YOUR ASSIGNMENT —
Copy out all the entries word for word.
◇ ◇ ◇ ◇
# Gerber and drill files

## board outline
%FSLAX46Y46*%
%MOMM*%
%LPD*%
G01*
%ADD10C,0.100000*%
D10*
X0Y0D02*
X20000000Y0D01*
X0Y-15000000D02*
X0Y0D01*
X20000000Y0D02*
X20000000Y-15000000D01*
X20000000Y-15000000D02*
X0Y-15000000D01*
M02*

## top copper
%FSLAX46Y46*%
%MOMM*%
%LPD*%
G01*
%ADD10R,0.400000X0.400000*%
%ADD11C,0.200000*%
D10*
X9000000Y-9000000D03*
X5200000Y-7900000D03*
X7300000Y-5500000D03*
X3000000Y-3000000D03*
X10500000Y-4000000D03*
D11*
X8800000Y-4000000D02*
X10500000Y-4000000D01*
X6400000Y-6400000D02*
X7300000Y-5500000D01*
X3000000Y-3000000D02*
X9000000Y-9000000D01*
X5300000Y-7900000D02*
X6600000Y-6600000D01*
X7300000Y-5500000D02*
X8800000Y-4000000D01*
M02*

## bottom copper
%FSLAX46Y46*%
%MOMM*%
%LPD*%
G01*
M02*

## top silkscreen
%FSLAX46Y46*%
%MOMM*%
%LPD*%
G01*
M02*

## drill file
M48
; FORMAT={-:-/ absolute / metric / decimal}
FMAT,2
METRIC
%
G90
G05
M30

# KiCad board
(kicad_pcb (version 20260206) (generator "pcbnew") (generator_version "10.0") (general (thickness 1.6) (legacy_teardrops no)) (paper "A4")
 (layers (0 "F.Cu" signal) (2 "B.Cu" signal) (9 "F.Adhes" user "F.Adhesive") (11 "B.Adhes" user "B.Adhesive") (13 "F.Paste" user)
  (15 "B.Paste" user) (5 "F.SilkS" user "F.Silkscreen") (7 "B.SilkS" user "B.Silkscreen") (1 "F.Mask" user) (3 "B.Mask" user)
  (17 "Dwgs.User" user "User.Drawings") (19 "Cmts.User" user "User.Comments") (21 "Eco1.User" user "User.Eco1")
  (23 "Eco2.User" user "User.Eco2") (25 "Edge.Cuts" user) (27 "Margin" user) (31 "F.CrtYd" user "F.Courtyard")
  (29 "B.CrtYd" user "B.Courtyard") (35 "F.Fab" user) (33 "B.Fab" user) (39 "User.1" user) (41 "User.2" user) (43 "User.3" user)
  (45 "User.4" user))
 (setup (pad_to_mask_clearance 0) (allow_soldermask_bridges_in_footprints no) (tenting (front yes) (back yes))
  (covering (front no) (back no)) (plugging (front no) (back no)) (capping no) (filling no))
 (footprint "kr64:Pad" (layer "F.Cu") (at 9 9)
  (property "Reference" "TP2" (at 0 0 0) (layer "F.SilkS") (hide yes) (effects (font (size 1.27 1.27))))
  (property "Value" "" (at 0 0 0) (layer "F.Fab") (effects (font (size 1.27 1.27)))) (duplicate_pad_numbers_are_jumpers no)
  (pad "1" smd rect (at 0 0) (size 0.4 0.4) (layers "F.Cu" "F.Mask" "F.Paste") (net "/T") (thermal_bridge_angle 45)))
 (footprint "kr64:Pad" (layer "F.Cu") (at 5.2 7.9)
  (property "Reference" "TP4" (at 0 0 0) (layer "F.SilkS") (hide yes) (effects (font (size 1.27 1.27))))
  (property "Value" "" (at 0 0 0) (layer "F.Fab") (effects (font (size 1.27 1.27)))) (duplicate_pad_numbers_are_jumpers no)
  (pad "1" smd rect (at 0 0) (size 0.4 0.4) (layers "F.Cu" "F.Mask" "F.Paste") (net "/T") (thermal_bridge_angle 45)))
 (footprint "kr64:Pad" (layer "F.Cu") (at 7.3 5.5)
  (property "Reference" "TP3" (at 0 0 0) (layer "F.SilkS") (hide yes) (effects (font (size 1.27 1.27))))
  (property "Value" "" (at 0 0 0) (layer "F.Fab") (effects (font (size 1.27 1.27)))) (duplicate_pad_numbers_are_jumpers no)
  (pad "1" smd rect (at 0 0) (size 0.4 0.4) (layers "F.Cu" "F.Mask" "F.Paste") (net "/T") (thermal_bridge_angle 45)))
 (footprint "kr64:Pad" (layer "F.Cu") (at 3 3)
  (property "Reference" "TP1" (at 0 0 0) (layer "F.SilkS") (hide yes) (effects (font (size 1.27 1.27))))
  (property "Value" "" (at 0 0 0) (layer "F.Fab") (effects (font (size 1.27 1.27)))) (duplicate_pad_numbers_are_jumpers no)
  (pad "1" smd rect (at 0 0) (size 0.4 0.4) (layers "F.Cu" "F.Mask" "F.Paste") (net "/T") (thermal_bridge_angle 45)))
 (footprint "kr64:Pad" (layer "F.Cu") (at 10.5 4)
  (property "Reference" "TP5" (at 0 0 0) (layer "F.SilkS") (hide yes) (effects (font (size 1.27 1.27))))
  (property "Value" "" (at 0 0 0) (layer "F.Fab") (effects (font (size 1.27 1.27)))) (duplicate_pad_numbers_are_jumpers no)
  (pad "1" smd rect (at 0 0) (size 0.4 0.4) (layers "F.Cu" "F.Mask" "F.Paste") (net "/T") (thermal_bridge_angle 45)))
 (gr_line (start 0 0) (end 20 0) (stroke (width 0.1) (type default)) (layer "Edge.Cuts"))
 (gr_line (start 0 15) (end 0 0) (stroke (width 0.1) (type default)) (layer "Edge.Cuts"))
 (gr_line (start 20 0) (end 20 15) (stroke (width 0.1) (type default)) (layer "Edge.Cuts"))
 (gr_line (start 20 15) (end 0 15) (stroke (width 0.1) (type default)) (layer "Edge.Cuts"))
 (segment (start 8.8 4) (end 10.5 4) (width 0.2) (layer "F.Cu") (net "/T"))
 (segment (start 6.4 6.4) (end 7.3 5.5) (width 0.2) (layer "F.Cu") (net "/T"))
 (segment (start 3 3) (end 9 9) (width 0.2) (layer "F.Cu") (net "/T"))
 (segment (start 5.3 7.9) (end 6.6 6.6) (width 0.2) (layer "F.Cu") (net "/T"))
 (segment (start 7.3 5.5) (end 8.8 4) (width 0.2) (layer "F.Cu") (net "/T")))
◇ ◇ ◇ ◇
ANSWER SECTION —
# Gerber and drill files

## board outline
%FSLAX46Y46*%
%MOMM*%
%LPD*%
G01*
%ADD10C,0.100000*%
D10*
X0Y0D02*
X20000000Y0D01*
X0Y-15000000D02*
X0Y0D01*
X20000000Y0D02*
X20000000Y-15000000D01*
X20000000Y-15000000D02*
X0Y-15000000D01*
M02*

## top copper
%FSLAX46Y46*%
%MOMM*%
%LPD*%
G01*
%ADD10R,0.400000X0.400000*%
%ADD11C,0.200000*%
D10*
X9000000Y-9000000D03*
X5200000Y-7900000D03*
X7300000Y-5500000D03*
X3000000Y-3000000D03*
X10500000Y-4000000D03*
D11*
X8800000Y-4000000D02*
X10500000Y-4000000D01*
X6400000Y-6400000D02*
X7300000Y-5500000D01*
X3000000Y-3000000D02*
X9000000Y-9000000D01*
X5300000Y-7900000D02*
X6600000Y-6600000D01*
X7300000Y-5500000D02*
X8800000Y-4000000D01*
M02*

## bottom copper
%FSLAX46Y46*%
%MOMM*%
%LPD*%
G01*
M02*

## top silkscreen
%FSLAX46Y46*%
%MOMM*%
%LPD*%
G01*
M02*

## drill file
M48
; FORMAT={-:-/ absolute / metric / decimal}
FMAT,2
METRIC
%
G90
G05
M30

# KiCad board
(kicad_pcb (version 20260206) (generator "pcbnew") (generator_version "10.0") (general (thickness 1.6) (legacy_teardrops no)) (paper "A4")
 (layers (0 "F.Cu" signal) (2 "B.Cu" signal) (9 "F.Adhes" user "F.Adhesive") (11 "B.Adhes" user "B.Adhesive") (13 "F.Paste" user)
  (15 "B.Paste" user) (5 "F.SilkS" user "F.Silkscreen") (7 "B.SilkS" user "B.Silkscreen") (1 "F.Mask" user) (3 "B.Mask" user)
  (17 "Dwgs.User" user "User.Drawings") (19 "Cmts.User" user "User.Comments") (21 "Eco1.User" user "User.Eco1")
  (23 "Eco2.User" user "User.Eco2") (25 "Edge.Cuts" user) (27 "Margin" user) (31 "F.CrtYd" user "F.Courtyard")
  (29 "B.CrtYd" user "B.Courtyard") (35 "F.Fab" user) (33 "B.Fab" user) (39 "User.1" user) (41 "User.2" user) (43 "User.3" user)
  (45 "User.4" user))
 (setup (pad_to_mask_clearance 0) (allow_soldermask_bridges_in_footprints no) (tenting (front yes) (back yes))
  (covering (front no) (back no)) (plugging (front no) (back no)) (capping no) (filling no))
 (footprint "kr64:Pad" (layer "F.Cu") (at 9 9)
  (property "Reference" "TP2" (at 0 0 0) (layer "F.SilkS") (hide yes) (effects (font (size 1.27 1.27))))
  (property "Value" "" (at 0 0 0) (layer "F.Fab") (effects (font (size 1.27 1.27)))) (duplicate_pad_numbers_are_jumpers no)
  (pad "1" smd rect (at 0 0) (size 0.4 0.4) (layers "F.Cu" "F.Mask" "F.Paste") (net "/T") (thermal_bridge_angle 45)))
 (footprint "kr64:Pad" (layer "F.Cu") (at 5.2 7.9)
  (property "Reference" "TP4" (at 0 0 0) (layer "F.SilkS") (hide yes) (effects (font (size 1.27 1.27))))
  (property "Value" "" (at 0 0 0) (layer "F.Fab") (effects (font (size 1.27 1.27)))) (duplicate_pad_numbers_are_jumpers no)
  (pad "1" smd rect (at 0 0) (size 0.4 0.4) (layers "F.Cu" "F.Mask" "F.Paste") (net "/T") (thermal_bridge_angle 45)))
 (footprint "kr64:Pad" (layer "F.Cu") (at 7.3 5.5)
  (property "Reference" "TP3" (at 0 0 0) (layer "F.SilkS") (hide yes) (effects (font (size 1.27 1.27))))
  (property "Value" "" (at 0 0 0) (layer "F.Fab") (effects (font (size 1.27 1.27)))) (duplicate_pad_numbers_are_jumpers no)
  (pad "1" smd rect (at 0 0) (size 0.4 0.4) (layers "F.Cu" "F.Mask" "F.Paste") (net "/T") (thermal_bridge_angle 45)))
 (footprint "kr64:Pad" (layer "F.Cu") (at 3 3)
  (property "Reference" "TP1" (at 0 0 0) (layer "F.SilkS") (hide yes) (effects (font (size 1.27 1.27))))
  (property "Value" "" (at 0 0 0) (layer "F.Fab") (effects (font (size 1.27 1.27)))) (duplicate_pad_numbers_are_jumpers no)
  (pad "1" smd rect (at 0 0) (size 0.4 0.4) (layers "F.Cu" "F.Mask" "F.Paste") (net "/T") (thermal_bridge_angle 45)))
 (footprint "kr64:Pad" (layer "F.Cu") (at 10.5 4)
  (property "Reference" "TP5" (at 0 0 0) (layer "F.SilkS") (hide yes) (effects (font (size 1.27 1.27))))
  (property "Value" "" (at 0 0 0) (layer "F.Fab") (effects (font (size 1.27 1.27)))) (duplicate_pad_numbers_are_jumpers no)
  (pad "1" smd rect (at 0 0) (size 0.4 0.4) (layers "F.Cu" "F.Mask" "F.Paste") (net "/T") (thermal_bridge_angle 45)))
 (gr_line (start 0 0) (end 20 0) (stroke (width 0.1) (type default)) (layer "Edge.Cuts"))
 (gr_line (start 0 15) (end 0 0) (stroke (width 0.1) (type default)) (layer "Edge.Cuts"))
 (gr_line (start 20 0) (end 20 15) (stroke (width 0.1) (type default)) (layer "Edge.Cuts"))
 (gr_line (start 20 15) (end 0 15) (stroke (width 0.1) (type default)) (layer "Edge.Cuts"))
 (segment (start 8.8 4) (end 10.5 4) (width 0.2) (layer "F.Cu") (net "/T"))
 (segment (start 6.4 6.4) (end 7.3 5.5) (width 0.2) (layer "F.Cu") (net "/T"))
 (segment (start 3 3) (end 9 9) (width 0.2) (layer "F.Cu") (net "/T"))
 (segment (start 5.3 7.9) (end 6.6 6.6) (width 0.2) (layer "F.Cu") (net "/T"))
 (segment (start 7.3 5.5) (end 8.8 4) (width 0.2) (layer "F.Cu") (net "/T")))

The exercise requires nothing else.